The new design goal is to allow the user's function to have type [(String, Int, Int)] -> Int
, or [(Int, Int)] -> String
, or whatever tuple type the user wants to manipulate. To do this, we need to add a second constraint, Parsable a
, with instances instance Parsable (String, Int, Int)
, instance (Int, Int)
, and so on. But now, when the user writes a polymorphic function of type [a] -> Int
, GHC needs to unify that type with (Parsable a, Renderable r) => [a] -> r
, and GHC has no way to know whether a = (String, Int, Int)
or a = (Int, Int)
. Of course, for the function length
the result with be the same regardless of our choice, but Haskell still needs a concrete type in order to proceed.
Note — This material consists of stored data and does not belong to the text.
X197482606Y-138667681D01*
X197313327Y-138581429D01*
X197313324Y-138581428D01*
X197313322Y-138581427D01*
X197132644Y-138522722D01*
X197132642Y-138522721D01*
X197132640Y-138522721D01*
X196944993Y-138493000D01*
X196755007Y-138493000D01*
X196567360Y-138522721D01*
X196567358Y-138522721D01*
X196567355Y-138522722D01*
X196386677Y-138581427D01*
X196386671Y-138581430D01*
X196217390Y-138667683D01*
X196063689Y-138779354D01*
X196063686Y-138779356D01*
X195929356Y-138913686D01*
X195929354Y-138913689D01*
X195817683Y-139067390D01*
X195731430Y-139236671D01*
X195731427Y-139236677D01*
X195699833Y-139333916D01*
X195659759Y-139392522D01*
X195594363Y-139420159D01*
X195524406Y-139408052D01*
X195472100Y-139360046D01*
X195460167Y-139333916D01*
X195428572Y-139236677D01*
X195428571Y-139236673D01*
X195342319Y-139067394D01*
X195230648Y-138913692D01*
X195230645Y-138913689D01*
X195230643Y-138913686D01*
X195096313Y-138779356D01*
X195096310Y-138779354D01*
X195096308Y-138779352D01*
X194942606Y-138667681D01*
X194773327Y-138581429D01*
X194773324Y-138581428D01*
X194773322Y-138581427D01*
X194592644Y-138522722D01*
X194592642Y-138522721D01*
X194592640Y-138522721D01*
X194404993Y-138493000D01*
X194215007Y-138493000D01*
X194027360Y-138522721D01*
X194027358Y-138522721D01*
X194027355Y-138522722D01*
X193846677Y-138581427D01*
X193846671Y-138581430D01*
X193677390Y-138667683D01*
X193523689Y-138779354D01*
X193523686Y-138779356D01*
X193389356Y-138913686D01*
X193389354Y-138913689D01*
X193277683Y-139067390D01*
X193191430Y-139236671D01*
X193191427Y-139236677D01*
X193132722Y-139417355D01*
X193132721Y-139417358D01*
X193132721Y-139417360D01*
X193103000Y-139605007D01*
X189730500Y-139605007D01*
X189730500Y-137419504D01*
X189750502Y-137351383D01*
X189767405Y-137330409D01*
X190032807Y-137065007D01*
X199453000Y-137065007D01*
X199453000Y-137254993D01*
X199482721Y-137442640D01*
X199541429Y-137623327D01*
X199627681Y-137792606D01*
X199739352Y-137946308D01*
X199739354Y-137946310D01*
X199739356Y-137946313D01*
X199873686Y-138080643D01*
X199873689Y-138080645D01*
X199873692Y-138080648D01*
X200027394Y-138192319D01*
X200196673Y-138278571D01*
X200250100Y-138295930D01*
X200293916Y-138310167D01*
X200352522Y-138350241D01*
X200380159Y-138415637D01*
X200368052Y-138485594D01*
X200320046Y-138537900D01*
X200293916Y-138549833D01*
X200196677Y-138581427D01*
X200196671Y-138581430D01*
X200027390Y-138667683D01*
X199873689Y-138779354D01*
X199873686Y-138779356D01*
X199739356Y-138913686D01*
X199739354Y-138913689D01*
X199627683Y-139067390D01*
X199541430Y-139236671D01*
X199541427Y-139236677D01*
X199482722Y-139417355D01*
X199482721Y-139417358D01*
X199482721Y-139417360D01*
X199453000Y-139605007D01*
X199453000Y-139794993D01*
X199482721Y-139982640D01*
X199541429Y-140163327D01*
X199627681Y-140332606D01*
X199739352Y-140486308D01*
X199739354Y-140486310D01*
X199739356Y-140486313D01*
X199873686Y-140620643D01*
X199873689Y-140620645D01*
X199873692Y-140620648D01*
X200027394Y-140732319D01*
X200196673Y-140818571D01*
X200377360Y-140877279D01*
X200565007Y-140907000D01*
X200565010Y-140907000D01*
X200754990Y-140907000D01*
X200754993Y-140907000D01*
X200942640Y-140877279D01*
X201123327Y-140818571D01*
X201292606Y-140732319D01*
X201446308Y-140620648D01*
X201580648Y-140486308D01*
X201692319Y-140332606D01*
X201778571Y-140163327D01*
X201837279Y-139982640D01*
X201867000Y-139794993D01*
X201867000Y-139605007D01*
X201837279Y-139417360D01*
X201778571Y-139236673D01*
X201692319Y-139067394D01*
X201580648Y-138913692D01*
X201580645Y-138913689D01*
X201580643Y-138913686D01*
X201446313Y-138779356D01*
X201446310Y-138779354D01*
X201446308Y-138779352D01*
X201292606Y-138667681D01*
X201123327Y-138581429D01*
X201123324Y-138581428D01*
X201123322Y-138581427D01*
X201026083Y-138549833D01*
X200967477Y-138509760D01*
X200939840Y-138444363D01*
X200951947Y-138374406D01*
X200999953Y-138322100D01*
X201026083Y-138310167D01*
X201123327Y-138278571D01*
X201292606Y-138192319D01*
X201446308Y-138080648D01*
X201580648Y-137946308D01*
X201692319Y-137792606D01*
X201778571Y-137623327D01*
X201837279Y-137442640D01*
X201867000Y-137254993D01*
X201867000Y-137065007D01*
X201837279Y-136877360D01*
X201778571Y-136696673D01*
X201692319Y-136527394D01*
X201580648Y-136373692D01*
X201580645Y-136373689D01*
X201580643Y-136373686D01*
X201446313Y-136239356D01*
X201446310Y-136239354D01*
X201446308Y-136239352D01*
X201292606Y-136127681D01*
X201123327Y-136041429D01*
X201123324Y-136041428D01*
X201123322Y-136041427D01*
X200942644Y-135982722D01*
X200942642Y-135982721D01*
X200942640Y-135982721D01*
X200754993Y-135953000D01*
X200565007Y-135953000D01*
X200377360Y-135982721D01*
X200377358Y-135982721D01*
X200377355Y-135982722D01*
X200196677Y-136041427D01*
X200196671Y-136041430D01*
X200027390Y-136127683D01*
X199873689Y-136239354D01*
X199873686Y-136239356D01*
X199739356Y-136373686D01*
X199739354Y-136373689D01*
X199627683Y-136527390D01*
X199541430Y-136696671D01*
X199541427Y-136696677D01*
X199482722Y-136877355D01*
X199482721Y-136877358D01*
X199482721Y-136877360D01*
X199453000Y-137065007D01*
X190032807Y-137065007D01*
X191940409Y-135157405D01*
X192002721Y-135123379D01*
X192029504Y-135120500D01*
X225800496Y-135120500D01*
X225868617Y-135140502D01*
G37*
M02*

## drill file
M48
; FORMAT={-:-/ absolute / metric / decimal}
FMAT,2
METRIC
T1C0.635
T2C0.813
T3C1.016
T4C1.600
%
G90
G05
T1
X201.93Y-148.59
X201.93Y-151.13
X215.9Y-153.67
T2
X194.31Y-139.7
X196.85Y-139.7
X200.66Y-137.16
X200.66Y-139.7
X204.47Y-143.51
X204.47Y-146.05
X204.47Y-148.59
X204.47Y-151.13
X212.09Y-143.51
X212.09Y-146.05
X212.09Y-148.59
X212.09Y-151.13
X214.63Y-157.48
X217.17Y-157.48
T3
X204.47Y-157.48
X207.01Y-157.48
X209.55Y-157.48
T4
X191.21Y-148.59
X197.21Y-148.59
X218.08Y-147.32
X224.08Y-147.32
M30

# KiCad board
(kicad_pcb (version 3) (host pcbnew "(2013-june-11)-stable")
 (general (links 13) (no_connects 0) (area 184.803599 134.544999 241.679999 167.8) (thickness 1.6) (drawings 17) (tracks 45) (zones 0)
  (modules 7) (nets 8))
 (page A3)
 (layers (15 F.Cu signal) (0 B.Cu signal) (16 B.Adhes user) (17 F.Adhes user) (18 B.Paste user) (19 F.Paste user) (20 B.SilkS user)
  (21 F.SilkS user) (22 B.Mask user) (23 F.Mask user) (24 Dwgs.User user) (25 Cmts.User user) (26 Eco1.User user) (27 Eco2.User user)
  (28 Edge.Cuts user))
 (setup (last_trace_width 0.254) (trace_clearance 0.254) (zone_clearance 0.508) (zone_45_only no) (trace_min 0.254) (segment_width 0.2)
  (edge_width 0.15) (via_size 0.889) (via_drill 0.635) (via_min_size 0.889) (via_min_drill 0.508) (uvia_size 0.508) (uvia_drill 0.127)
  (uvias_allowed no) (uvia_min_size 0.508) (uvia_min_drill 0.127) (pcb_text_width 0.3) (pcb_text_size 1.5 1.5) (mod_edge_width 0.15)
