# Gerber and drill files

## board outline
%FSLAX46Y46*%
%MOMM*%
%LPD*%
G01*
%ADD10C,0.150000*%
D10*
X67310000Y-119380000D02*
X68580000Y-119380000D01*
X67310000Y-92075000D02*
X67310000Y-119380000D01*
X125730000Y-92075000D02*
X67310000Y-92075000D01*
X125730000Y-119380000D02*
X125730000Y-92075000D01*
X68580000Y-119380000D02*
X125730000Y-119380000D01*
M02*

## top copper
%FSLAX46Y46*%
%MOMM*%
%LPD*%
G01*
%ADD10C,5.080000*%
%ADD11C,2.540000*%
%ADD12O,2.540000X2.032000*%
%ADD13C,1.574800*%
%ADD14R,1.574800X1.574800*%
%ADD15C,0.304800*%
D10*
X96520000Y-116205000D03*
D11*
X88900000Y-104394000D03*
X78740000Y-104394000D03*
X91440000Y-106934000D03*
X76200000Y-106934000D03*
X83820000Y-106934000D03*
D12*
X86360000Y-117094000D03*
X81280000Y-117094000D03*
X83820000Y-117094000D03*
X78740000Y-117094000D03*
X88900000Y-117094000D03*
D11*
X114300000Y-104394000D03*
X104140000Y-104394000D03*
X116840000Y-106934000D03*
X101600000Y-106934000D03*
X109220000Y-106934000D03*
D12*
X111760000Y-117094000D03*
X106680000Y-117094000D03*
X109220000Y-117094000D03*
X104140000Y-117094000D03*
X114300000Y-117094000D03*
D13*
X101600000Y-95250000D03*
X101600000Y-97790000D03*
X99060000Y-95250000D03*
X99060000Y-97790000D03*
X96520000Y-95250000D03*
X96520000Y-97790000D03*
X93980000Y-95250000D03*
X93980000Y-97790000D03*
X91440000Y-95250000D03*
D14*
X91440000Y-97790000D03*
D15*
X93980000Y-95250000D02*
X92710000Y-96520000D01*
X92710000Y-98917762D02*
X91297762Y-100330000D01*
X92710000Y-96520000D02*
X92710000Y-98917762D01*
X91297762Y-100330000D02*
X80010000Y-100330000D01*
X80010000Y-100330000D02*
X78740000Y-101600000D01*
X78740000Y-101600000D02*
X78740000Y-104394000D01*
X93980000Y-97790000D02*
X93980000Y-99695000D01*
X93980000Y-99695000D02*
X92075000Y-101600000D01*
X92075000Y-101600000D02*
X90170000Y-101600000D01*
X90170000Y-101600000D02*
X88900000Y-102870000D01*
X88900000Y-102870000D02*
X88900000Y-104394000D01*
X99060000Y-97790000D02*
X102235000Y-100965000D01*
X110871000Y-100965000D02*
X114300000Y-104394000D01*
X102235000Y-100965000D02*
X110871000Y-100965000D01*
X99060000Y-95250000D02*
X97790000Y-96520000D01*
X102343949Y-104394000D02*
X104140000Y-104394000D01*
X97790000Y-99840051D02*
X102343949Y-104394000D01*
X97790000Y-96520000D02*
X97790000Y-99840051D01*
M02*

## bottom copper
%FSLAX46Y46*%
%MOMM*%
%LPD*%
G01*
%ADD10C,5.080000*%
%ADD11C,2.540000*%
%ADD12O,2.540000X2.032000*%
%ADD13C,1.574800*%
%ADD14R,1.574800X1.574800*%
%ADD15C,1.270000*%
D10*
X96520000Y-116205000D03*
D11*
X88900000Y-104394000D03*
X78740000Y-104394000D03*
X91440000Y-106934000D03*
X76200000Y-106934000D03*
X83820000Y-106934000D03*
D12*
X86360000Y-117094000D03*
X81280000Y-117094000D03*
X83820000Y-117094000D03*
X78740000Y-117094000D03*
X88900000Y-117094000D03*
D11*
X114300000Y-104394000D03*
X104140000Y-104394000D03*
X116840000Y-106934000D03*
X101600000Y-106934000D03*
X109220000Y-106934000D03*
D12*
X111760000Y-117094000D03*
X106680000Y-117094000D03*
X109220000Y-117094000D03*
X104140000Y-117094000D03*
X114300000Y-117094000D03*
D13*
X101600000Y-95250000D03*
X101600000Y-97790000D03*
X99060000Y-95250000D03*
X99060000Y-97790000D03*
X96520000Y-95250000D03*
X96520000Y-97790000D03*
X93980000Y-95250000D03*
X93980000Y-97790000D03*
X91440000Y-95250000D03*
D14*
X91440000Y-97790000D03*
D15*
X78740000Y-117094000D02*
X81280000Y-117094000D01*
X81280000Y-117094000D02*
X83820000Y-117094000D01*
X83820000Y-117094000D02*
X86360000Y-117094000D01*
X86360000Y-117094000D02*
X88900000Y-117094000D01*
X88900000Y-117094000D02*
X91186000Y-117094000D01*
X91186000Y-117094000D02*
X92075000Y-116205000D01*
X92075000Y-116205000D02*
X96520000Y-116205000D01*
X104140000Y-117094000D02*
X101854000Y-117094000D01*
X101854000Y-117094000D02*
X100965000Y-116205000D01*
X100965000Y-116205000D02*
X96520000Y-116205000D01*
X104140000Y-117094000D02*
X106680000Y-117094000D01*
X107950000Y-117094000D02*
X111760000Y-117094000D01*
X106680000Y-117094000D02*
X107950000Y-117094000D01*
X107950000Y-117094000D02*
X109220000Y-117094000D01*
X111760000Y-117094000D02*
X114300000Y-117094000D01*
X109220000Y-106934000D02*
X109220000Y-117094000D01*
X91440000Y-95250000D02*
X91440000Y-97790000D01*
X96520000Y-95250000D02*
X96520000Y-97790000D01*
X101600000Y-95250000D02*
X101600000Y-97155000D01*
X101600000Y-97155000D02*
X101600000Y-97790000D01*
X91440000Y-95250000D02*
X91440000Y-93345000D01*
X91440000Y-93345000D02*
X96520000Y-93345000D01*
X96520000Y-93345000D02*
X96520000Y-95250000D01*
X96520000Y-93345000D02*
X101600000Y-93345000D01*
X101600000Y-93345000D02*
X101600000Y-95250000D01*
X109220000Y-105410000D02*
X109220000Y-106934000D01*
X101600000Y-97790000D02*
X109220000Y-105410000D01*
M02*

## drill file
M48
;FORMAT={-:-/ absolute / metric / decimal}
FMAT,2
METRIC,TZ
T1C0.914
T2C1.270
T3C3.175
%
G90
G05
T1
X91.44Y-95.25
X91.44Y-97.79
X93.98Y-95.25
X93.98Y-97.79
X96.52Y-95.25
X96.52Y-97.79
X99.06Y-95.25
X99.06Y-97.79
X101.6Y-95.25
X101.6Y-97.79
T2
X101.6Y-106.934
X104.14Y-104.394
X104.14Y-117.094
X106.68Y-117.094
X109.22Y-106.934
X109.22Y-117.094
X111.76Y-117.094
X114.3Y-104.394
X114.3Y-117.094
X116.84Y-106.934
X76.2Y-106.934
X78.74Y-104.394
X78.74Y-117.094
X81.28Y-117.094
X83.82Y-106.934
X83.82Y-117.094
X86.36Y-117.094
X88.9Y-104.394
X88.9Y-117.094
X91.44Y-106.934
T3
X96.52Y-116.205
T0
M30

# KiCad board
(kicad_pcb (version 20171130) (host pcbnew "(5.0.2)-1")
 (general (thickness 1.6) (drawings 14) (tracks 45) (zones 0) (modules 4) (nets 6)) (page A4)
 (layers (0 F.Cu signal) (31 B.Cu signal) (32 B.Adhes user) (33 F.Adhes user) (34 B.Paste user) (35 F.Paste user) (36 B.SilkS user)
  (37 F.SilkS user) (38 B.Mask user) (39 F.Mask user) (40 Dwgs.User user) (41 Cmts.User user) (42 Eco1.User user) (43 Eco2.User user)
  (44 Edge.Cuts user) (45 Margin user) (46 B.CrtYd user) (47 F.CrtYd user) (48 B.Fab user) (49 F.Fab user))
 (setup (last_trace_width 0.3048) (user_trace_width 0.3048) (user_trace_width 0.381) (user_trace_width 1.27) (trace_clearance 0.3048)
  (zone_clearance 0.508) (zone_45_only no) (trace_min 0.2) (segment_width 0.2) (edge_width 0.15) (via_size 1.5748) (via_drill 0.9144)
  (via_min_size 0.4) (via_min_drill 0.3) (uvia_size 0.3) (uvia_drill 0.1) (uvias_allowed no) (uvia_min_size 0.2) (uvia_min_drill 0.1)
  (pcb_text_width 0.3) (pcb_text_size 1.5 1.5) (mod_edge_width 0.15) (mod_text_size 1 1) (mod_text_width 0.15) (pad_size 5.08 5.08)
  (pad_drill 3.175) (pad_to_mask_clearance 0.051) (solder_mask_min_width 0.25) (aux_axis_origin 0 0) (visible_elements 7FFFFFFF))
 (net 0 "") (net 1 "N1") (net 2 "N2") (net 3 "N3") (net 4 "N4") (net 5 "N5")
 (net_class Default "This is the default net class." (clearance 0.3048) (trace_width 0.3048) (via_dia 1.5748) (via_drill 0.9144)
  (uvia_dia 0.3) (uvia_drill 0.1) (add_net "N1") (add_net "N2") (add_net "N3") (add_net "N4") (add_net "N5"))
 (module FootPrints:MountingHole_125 (layer F.Cu) (at 96.52 116.205)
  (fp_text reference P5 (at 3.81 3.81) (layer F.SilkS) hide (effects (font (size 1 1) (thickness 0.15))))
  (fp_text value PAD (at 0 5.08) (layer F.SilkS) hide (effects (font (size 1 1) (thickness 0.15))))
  (pad 1 thru_hole circle (at 0 0) (size 5.08 5.08) (drill 3.175) (layers *.Cu *.Mask F.SilkS) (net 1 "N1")))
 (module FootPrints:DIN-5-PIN (layer F.Cu) (at 83.82 119.38)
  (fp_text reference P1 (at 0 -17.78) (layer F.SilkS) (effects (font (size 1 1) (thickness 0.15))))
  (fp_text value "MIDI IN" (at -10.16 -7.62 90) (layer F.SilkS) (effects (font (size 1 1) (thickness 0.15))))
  (pad 4 thru_hole circle (at 5.08 -14.986) (size 2.54 2.54) (drill 1.27) (layers *.Cu *.Mask F.SilkS) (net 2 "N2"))
  (pad 5 thru_hole circle (at -5.08 -14.986) (size 2.54 2.54) (drill 1.27) (layers *.Cu *.Mask F.SilkS) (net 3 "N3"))
  (pad 1 thru_hole circle (at 7.62 -12.446) (size 2.54 2.54) (drill 1.27) (layers *.Cu *.Mask F.SilkS))
  (pad 3 thru_hole circle (at -7.62 -12.446) (size 2.54 2.54) (drill 1.27) (layers *.Cu *.Mask F.SilkS))
  (pad 2 thru_hole circle (at 0 -12.446) (size 2.54 2.54) (drill 1.27) (layers *.Cu *.Mask F.SilkS))
  (pad 7 thru_hole oval (at 2.54 -2.286) (size 2.54 2.032) (drill 1.27) (layers *.Cu *.Mask F.SilkS) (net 1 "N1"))
  (pad 6 thru_hole oval (at -2.54 -2.286) (size 2.54 2.032) (drill 1.27) (layers *.Cu *.Mask F.SilkS) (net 1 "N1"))
  (pad 9 thru_hole oval (at 0 -2.286) (size 2.54 2.032) (drill 1.27) (layers *.Cu *.Mask F.SilkS) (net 1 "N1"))
  (pad 8 thru_hole oval (at -5.08 -2.286) (size 2.54 2.032) (drill 1.27) (layers *.Cu *.Mask F.SilkS) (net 1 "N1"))
  (pad 10 thru_hole oval (at 5.08 -2.286) (size 2.54 2.032) (drill 1.27) (layers *.Cu *.Mask F.SilkS) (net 1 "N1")))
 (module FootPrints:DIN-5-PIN (layer F.Cu) (at 109.22 119.38)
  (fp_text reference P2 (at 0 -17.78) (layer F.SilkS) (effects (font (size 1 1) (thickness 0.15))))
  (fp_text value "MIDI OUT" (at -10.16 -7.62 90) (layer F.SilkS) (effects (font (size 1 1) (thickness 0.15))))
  (pad 4 thru_hole circle (at 5.08 -14.986) (size 2.54 2.54) (drill 1.27) (layers *.Cu *.Mask F.SilkS) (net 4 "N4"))
  (pad 5 thru_hole circle (at -5.08 -14.986) (size 2.54 2.54) (drill 1.27) (layers *.Cu *.Mask F.SilkS) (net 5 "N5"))
  (pad 1 thru_hole circle (at 7.62 -12.446) (size 2.54 2.54) (drill 1.27) (layers *.Cu *.Mask F.SilkS))
  (pad 3 thru_hole circle (at -7.62 -12.446) (size 2.54 2.54) (drill 1.27) (layers *.Cu *.Mask F.SilkS))
  (pad 2 thru_hole circle (at 0 -12.446) (size 2.54 2.54) (drill 1.27) (layers *.Cu *.Mask F.SilkS) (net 1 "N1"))
  (pad 7 thru_hole oval (at 2.54 -2.286) (size 2.54 2.032) (drill 1.27) (layers *.Cu *.Mask F.SilkS) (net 1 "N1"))
  (pad 6 thru_hole oval (at -2.54 -2.286) (size 2.54 2.032) (drill 1.27) (layers *.Cu *.Mask F.SilkS) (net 1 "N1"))
  (pad 9 thru_hole oval (at 0 -2.286) (size 2.54 2.032) (drill 1.27) (layers *.Cu *.Mask F.SilkS) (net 1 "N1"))
  (pad 8 thru_hole oval (at -5.08 -2.286) (size 2.54 2.032) (drill 1.27) (layers *.Cu *.Mask F.SilkS) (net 1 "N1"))
  (pad 10 thru_hole oval (at 5.08 -2.286) (size 2.54 2.032) (drill 1.27) (layers *.Cu *.Mask F.SilkS) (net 1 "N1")))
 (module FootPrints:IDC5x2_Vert (layer F.Cu) (at 96.52 96.52 180)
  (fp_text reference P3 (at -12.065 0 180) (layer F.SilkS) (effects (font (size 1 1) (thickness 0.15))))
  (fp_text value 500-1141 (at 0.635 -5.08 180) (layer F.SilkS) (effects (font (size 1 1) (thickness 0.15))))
To alleviate the problem, I overwrote GHC's type-inference (this is simpler than it sounds...) to assume ByteString whenever it can, and that helped a lot. I plan to improve the inference further, by forcing [a]
for Functor a
, forcing Int
for Num a
, and by removing -defer-type-errors
and run
during type-inference.
But not today! I have already spent way too much time on this project this weekend. It was fun, though, thanks for starting this interesting project!
Edit: I should mention that before changing any of the typeclasses in Types.hs, I'd like for this to be implemented as a simple function in a separate module.
I don't see how that would be possible. The whole point is for the behaviour to be different depending on the type, and for this, you need typeclasses!
See my branch feature/tabular.. You're right, it requires changes in the types, but not any additions. Although, it's still using the same API, ie explicit.
Since type-inference magic will need to be reimplemented anyway, I think we should close this issue and replace it with a family of smaller tasks.
Thanks giving me commit access!
Since I won't have to send you pull requests, I plan to describe the features I want to implement as issues, so we can discuss them beforehand if needed. If my suggestions deviate too much from your vision, feel free to object!
Anyway, this particular issue is about revamping the smart render system so that in addition to allowing different types for output, we can also accept different types of input. Examples:
ByteString -> r
? Apply the function to each line.[ByteString] -> r
? Apply the function to the entire input.[(String, Int, Int)] -> r
? Parse the input as tab-separated fields.Aeson.Object -> r
? Parse the entire input as json, then pass it to the function.